## Problem to solve
Tell how many lines in the data contain the string "type", using a single number as the whole reply.

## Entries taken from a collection
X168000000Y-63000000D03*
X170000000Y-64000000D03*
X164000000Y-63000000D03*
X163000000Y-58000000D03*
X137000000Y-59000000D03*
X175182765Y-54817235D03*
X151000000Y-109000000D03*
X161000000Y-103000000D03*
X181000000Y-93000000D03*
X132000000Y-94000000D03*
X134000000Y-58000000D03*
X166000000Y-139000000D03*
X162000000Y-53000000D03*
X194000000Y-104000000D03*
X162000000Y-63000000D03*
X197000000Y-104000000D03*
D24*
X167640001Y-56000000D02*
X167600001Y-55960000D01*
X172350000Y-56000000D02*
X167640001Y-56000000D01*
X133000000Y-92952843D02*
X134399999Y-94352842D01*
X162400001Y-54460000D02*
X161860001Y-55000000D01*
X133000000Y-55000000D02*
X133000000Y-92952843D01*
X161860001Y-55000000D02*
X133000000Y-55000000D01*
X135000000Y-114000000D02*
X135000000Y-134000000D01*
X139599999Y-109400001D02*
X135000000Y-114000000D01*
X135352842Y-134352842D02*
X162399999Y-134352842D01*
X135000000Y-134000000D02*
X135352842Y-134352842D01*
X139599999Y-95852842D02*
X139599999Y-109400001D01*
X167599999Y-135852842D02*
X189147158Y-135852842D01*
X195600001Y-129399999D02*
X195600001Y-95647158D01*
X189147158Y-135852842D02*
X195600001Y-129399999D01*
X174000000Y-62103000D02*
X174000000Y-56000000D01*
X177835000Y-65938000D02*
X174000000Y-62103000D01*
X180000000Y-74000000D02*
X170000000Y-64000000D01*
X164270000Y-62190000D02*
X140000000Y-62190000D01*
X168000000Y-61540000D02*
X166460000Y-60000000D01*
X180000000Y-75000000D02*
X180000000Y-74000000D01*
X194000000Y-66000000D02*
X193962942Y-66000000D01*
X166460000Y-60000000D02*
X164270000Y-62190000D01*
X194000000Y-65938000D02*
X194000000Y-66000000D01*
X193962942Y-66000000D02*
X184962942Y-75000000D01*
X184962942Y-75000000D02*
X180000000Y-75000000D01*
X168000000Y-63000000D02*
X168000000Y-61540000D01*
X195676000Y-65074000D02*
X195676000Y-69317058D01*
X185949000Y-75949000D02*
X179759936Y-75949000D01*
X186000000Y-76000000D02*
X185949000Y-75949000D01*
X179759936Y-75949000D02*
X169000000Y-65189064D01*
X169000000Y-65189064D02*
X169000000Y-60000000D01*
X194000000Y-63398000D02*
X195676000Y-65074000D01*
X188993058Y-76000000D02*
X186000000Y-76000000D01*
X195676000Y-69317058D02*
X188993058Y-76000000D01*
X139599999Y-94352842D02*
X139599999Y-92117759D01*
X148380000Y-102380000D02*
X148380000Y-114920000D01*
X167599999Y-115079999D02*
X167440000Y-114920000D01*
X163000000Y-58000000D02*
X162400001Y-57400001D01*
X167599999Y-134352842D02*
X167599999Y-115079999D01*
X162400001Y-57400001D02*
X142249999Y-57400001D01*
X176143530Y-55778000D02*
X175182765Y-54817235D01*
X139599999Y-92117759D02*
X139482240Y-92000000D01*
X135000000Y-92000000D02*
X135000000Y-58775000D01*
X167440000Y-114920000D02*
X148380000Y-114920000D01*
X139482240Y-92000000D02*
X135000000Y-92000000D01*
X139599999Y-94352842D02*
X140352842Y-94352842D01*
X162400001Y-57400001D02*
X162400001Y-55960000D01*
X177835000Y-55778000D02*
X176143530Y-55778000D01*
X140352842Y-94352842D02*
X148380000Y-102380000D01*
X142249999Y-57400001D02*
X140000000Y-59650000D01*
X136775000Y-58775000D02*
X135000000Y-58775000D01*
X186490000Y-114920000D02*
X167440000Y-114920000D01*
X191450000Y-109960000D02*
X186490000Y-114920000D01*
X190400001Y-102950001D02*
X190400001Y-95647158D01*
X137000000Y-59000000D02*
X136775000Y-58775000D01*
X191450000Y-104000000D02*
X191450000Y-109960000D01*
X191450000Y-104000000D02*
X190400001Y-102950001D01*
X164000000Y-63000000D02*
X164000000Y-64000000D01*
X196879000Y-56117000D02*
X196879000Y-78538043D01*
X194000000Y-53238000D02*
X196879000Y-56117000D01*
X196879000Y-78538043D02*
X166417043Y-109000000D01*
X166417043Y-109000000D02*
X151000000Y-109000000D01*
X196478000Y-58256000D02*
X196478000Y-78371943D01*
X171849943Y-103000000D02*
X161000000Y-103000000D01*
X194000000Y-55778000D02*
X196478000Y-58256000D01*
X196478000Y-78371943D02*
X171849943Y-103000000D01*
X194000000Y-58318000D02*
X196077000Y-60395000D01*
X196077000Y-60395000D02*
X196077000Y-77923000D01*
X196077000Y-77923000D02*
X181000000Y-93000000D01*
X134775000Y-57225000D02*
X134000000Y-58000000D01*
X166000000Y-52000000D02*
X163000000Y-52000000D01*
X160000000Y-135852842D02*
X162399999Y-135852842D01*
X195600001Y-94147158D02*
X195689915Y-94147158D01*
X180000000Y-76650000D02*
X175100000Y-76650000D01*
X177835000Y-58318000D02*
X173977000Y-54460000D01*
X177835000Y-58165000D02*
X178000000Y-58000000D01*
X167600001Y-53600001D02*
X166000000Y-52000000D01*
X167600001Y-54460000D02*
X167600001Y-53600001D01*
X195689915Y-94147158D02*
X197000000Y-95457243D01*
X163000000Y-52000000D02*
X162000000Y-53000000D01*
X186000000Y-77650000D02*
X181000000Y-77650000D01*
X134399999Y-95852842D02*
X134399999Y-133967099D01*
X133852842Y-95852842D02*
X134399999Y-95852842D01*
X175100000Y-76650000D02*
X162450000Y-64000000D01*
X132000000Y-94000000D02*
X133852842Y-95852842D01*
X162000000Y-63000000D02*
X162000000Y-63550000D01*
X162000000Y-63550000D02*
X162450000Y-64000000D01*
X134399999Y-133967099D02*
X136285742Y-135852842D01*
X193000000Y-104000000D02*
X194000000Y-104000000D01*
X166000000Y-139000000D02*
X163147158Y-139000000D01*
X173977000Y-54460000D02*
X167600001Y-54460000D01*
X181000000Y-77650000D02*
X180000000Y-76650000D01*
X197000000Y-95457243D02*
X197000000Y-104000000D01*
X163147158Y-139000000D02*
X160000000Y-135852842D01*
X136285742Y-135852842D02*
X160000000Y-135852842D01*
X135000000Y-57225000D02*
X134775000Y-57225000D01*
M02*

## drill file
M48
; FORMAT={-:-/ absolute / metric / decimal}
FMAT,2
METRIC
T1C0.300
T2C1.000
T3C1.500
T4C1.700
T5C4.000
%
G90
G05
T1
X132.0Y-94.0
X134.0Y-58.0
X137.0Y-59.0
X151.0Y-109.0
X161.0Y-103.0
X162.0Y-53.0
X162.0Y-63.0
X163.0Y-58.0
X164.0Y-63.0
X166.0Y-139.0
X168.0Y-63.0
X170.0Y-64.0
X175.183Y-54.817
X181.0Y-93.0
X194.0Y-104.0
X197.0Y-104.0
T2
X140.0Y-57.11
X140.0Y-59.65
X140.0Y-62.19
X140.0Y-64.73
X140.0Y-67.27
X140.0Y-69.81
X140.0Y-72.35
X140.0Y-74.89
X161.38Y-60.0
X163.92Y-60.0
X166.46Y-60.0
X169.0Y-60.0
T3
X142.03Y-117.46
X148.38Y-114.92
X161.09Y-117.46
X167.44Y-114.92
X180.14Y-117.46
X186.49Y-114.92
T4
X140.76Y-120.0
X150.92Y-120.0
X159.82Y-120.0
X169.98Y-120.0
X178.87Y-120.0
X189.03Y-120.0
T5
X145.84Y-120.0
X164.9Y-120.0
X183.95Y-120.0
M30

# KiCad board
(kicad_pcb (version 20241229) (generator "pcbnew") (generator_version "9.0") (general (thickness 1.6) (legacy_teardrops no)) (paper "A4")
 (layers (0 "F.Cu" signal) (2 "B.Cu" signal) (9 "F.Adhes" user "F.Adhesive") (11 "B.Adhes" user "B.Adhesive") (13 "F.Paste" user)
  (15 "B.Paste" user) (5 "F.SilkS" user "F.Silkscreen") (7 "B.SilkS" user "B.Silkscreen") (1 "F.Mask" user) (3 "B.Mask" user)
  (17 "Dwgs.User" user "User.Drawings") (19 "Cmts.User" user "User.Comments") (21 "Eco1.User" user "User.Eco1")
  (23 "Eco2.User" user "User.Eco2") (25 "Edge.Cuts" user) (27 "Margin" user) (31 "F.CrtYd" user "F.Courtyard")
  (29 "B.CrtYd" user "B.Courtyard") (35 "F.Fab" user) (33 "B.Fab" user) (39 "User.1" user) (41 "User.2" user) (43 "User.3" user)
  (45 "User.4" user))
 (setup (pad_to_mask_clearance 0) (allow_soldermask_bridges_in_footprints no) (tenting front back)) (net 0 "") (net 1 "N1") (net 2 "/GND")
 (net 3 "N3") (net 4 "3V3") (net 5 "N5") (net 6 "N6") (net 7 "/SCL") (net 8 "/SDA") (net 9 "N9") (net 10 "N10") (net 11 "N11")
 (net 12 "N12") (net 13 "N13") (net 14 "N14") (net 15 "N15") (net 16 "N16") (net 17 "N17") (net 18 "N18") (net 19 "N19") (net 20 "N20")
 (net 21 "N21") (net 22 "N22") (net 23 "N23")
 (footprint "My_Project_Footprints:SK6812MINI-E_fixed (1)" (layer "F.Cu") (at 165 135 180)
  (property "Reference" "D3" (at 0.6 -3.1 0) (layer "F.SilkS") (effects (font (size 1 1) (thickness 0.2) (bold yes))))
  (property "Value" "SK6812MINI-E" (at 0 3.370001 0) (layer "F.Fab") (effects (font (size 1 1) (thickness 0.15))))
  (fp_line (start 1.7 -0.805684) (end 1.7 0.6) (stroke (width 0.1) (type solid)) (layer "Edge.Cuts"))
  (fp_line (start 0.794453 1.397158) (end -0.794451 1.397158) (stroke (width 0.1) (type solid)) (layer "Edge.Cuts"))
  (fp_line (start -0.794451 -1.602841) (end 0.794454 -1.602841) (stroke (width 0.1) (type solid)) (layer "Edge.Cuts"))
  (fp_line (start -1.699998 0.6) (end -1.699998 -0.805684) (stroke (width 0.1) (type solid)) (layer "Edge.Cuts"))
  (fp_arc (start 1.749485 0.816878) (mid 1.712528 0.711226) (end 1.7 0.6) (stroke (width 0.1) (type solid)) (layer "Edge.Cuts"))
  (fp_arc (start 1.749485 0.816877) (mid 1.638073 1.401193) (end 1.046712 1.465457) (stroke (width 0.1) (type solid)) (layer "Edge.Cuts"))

## Response to the exercise
6